• [What you should do]: Below are lines of data, and only some are wanted. Please repeat exactly those from the line that has "X153120000Y-85225000D02*" through the line that has "(kicad_pcb (version 20260206)".

(Stored data entries)
-*-

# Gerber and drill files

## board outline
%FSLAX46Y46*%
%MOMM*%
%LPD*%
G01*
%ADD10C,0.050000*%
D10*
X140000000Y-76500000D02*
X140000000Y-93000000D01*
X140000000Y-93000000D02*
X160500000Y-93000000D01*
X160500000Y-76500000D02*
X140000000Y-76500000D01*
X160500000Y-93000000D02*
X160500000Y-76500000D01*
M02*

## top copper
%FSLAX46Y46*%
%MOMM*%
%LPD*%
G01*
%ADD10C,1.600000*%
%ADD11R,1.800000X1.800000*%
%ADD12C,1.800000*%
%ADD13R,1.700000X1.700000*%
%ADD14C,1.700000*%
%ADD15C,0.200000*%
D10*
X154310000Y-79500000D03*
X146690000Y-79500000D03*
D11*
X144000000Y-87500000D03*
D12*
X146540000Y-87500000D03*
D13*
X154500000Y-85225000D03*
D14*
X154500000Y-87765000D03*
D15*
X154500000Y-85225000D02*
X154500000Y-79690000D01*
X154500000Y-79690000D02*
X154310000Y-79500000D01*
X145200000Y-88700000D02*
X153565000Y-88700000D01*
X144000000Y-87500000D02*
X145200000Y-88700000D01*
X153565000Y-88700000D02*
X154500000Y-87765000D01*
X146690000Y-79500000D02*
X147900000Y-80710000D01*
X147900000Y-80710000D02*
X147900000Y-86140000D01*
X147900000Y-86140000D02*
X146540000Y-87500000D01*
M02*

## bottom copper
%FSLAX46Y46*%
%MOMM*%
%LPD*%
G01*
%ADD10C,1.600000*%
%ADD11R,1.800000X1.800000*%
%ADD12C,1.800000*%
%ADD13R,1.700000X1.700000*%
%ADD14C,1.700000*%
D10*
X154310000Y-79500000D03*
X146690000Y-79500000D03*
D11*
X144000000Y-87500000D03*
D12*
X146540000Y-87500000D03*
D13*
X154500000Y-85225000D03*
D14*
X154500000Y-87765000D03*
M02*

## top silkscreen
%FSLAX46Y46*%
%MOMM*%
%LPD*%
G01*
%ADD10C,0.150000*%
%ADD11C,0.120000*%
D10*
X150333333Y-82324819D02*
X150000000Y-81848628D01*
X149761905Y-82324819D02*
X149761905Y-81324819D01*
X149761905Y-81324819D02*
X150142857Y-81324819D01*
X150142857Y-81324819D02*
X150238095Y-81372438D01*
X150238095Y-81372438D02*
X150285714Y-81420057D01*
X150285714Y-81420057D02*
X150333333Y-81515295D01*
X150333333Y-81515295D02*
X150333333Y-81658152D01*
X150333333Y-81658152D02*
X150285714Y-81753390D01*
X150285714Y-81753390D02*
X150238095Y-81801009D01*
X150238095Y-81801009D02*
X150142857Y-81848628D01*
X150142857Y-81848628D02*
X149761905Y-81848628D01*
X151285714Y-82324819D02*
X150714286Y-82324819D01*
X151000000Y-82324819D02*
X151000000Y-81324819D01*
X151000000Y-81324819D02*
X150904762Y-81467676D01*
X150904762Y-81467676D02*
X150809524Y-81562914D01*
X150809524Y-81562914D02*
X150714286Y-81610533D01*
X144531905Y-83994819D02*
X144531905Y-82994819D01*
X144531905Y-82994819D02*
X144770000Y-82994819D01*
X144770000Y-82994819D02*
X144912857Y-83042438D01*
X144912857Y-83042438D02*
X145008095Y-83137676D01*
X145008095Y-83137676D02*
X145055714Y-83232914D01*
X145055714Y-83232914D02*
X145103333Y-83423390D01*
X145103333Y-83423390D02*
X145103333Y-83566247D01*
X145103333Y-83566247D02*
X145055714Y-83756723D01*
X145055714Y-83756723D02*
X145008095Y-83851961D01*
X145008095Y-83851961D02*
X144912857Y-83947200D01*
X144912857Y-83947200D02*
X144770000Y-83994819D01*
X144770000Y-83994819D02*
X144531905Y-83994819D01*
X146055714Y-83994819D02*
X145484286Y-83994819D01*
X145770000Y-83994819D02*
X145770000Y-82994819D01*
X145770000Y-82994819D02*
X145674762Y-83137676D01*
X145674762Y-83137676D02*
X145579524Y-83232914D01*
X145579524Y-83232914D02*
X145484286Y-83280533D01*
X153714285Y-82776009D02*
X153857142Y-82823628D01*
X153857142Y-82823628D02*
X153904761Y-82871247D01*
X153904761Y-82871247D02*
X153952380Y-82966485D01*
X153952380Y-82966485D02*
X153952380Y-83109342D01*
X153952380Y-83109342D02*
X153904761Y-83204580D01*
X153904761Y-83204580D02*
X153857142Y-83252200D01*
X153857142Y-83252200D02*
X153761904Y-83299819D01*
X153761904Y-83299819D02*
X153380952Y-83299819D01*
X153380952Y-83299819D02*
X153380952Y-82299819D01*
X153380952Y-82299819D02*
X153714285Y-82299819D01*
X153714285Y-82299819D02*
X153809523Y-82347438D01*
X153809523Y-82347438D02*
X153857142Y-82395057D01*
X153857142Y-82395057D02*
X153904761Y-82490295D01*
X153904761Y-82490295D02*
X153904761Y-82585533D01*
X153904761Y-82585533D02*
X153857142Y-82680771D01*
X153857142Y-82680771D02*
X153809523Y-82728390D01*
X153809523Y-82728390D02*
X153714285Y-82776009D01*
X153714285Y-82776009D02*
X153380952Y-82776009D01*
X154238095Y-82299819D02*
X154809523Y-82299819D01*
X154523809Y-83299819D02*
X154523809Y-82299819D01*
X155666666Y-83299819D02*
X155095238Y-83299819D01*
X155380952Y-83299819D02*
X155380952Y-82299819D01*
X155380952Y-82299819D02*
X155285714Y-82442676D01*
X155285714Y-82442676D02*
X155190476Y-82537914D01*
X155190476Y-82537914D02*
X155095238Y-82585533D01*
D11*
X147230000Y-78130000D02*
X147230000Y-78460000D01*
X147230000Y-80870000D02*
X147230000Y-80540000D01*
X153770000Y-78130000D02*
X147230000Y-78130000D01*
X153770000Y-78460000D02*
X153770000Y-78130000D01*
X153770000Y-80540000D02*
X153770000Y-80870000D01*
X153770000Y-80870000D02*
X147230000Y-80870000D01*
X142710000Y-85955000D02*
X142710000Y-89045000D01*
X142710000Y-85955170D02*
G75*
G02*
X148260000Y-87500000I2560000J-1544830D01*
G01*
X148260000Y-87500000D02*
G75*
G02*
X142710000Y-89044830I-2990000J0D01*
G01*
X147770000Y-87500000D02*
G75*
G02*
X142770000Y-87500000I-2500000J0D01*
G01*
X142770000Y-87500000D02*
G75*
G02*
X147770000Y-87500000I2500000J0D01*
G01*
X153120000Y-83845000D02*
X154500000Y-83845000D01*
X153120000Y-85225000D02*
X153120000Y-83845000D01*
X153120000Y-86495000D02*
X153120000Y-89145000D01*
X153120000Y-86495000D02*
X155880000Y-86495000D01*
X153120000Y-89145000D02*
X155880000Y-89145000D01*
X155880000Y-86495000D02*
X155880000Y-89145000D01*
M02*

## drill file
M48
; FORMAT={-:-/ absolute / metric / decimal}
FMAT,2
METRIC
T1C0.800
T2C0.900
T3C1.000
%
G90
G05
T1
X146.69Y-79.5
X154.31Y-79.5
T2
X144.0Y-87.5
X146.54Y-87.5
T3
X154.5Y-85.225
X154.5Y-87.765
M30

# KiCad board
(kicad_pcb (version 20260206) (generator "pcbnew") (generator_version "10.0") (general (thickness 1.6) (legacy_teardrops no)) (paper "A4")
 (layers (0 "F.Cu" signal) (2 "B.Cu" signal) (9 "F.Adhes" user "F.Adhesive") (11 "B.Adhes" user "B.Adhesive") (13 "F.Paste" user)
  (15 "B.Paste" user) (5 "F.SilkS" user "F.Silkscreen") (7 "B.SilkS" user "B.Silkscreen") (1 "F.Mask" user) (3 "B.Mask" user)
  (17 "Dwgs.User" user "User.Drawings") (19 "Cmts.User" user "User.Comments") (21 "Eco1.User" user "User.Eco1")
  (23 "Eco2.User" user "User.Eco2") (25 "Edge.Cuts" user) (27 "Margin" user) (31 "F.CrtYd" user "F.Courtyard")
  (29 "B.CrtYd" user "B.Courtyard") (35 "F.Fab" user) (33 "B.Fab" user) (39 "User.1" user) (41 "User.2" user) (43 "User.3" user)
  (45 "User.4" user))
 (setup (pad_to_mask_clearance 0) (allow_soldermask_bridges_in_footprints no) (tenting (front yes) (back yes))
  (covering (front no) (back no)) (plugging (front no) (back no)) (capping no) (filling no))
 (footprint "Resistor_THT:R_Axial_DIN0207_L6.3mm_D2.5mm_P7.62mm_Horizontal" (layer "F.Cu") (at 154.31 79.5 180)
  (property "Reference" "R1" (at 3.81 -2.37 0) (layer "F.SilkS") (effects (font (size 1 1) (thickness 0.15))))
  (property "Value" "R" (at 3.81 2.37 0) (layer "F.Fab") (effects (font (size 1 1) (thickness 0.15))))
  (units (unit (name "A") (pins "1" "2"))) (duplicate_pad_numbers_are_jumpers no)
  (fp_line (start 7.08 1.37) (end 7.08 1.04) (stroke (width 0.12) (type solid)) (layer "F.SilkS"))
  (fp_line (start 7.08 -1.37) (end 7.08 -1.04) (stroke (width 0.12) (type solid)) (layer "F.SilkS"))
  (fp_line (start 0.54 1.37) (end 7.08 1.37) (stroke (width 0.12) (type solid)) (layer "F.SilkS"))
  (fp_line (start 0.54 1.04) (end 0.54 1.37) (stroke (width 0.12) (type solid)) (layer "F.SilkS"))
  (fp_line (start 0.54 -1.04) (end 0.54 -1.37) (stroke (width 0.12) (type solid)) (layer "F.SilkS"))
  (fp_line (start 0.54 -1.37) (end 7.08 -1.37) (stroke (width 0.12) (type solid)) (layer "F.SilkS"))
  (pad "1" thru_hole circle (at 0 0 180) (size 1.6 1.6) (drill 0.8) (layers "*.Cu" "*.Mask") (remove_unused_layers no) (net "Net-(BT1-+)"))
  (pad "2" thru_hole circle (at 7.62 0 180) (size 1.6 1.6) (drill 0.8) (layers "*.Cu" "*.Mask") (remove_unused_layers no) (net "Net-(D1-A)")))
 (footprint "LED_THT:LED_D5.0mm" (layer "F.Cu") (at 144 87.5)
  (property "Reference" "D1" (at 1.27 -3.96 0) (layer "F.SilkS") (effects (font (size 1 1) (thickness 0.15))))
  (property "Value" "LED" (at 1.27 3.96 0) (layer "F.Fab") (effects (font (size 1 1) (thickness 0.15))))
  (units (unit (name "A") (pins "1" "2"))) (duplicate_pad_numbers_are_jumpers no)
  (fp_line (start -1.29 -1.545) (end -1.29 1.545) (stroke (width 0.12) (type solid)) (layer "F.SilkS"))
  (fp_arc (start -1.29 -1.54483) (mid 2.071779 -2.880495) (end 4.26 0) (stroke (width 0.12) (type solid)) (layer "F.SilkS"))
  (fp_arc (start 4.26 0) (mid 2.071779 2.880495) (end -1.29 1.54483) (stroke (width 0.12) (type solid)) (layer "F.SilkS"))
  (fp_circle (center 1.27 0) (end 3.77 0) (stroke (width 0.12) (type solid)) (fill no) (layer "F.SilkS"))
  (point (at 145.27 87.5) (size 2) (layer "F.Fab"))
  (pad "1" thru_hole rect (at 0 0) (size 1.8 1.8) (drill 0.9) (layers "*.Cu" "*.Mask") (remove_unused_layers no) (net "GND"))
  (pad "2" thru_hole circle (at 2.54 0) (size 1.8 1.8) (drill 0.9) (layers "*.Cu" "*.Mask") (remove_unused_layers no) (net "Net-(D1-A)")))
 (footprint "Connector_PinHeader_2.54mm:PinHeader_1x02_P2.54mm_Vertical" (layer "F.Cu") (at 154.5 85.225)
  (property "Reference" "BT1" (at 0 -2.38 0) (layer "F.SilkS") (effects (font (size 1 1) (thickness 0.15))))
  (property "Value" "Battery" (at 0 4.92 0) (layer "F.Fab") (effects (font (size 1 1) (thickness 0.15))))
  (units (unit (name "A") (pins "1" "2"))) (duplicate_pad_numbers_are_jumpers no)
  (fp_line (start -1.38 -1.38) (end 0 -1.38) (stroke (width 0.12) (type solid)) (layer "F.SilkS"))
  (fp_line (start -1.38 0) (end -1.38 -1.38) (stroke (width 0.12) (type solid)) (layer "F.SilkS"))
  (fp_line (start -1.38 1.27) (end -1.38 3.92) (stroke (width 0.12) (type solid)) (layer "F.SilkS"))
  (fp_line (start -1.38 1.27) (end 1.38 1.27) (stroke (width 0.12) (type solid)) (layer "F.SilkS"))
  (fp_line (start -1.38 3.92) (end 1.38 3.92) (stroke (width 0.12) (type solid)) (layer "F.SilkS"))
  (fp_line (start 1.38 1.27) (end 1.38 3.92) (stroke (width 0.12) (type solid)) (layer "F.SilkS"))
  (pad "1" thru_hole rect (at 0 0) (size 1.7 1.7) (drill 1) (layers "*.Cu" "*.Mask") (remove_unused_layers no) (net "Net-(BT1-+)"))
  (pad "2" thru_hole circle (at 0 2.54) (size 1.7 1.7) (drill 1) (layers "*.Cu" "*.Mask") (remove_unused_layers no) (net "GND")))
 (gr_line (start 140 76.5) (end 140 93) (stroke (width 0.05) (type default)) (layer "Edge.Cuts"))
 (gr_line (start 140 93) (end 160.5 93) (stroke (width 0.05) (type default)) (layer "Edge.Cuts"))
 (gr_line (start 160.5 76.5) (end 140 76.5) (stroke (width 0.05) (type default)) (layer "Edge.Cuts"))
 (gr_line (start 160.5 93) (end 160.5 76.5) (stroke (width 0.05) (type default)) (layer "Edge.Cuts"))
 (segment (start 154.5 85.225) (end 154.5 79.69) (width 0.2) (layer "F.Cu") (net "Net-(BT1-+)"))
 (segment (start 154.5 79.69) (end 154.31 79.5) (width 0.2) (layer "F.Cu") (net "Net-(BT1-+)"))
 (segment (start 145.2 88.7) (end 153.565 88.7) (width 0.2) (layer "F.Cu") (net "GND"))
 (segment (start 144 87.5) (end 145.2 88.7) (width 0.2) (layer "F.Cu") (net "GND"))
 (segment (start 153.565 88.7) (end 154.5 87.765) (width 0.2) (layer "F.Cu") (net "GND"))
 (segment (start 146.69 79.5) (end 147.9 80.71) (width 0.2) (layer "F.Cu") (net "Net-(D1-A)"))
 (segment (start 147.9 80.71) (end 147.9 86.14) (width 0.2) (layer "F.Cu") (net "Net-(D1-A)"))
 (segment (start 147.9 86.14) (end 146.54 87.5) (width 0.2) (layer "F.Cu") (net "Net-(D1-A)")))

-*-

• [Answer for this exercise]:
X153120000Y-85225000D02*
X153120000Y-83845000D01*
X153120000Y-86495000D02*
X153120000Y-89145000D01*
X153120000Y-86495000D02*
X155880000Y-86495000D01*
X153120000Y-89145000D02*
X155880000Y-89145000D01*
X155880000Y-86495000D02*
X155880000Y-89145000D01*
M02*

## drill file
M48
; FORMAT={-:-/ absolute / metric / decimal}
FMAT,2
METRIC
T1C0.800
T2C0.900
T3C1.000
%
G90
G05
T1
X146.69Y-79.5
X154.31Y-79.5
T2
X144.0Y-87.5
X146.54Y-87.5
T3
X154.5Y-85.225
X154.5Y-87.765
M30

# KiCad board
(kicad_pcb (version 20260206) (generator "pcbnew") (generator_version "10.0") (general (thickness 1.6) (legacy_teardrops no)) (paper "A4")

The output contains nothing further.